How tall are you OP?


----------



## 54UD4D3 (Feb 6, 2020)

That's a nice transformation tbh. I hope i can look somewhat good in a year from strict gymcelling but it's discouraging when i see how disproportionate and unaesthetic my body is plus the mild gyno left from when i was fat.


----------



## Razle (Feb 6, 2020)

Nosecel said:


> You made an account just to brag about your body?

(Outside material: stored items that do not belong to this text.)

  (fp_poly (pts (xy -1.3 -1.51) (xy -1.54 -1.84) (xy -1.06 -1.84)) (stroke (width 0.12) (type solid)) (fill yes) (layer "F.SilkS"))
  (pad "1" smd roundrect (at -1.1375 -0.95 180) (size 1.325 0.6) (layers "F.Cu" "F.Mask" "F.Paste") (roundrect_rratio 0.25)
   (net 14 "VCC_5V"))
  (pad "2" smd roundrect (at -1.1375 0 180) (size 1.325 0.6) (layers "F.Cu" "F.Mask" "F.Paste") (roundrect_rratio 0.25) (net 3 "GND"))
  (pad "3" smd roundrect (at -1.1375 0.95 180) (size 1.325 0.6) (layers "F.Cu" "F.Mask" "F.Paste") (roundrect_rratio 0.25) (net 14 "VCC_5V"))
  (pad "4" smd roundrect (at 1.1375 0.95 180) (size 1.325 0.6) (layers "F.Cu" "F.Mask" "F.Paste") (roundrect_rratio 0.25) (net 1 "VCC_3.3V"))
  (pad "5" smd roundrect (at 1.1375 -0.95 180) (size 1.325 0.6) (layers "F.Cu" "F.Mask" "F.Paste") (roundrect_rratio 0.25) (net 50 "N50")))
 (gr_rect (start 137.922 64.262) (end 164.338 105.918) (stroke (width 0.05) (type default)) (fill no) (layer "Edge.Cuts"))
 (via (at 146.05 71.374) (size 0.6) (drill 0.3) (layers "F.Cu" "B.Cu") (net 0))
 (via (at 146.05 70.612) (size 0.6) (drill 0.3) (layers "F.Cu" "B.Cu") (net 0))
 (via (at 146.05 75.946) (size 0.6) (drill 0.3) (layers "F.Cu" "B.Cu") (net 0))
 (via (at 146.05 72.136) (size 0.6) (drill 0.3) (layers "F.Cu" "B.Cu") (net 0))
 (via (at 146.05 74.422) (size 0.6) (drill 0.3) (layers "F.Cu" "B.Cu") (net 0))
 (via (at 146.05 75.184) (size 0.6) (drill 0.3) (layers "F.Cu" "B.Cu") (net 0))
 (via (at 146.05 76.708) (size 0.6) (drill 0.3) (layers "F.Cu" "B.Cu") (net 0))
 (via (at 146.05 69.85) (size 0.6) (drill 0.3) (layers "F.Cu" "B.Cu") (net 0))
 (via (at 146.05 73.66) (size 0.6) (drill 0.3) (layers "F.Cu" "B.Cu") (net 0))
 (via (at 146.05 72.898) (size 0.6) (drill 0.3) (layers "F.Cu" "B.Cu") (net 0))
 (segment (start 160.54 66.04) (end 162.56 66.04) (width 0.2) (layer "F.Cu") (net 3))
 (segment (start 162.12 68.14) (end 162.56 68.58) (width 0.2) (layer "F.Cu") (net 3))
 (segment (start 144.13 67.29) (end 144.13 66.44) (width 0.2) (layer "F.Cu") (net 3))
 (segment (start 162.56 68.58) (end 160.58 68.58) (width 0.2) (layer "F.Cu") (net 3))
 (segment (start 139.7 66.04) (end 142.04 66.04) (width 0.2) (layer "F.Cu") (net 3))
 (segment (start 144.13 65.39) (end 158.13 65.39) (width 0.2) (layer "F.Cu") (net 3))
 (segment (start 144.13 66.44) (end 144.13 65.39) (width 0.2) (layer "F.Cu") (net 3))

Nah I’ve been browsing for awhile, but didnt think of it until you mentioned it tbh. I’m going to start posting more though


Mr.cope said:


> Looks like you got fatter which slowed your process even more. You can literally get lean in like 2 months if you are skinny fat


Yeah. This was my biggest regret.
I read about the consequences of dirty bulking but I still did it because I was niave I guess. You’re 100% right though


----------



## Limbo (Feb 7, 2020)

Razle said:


> Nah I’ve been browsing for awhile, but didnt think of it until you mentioned it tbh. I’m going to start posting more though
> 
> Yeah. This was my biggest regret.
> I read about the consequences of dirty bulking but I still did it because I was niave I guess. You’re 100% right though



How long will it take me to get shoulders like yours I have pretty wide frame but I'm skinny af so I get Mogged by fat people all the time? I'll send u a pm or just look at my first ever post


----------



## Razle (Feb 7, 2020)

Limbo said:


> How long will it take me to get shoulders like yours I have pretty wide frame but I'm skinny af so I get Mogged by fat people all the time? I'll send u a pm or just look at my first ever post


Dude fuck the fat people.
There are a lot of other variables that i don’t know about like your diet and how fast you are with learning how your body works so there’s no guessing how long it will take.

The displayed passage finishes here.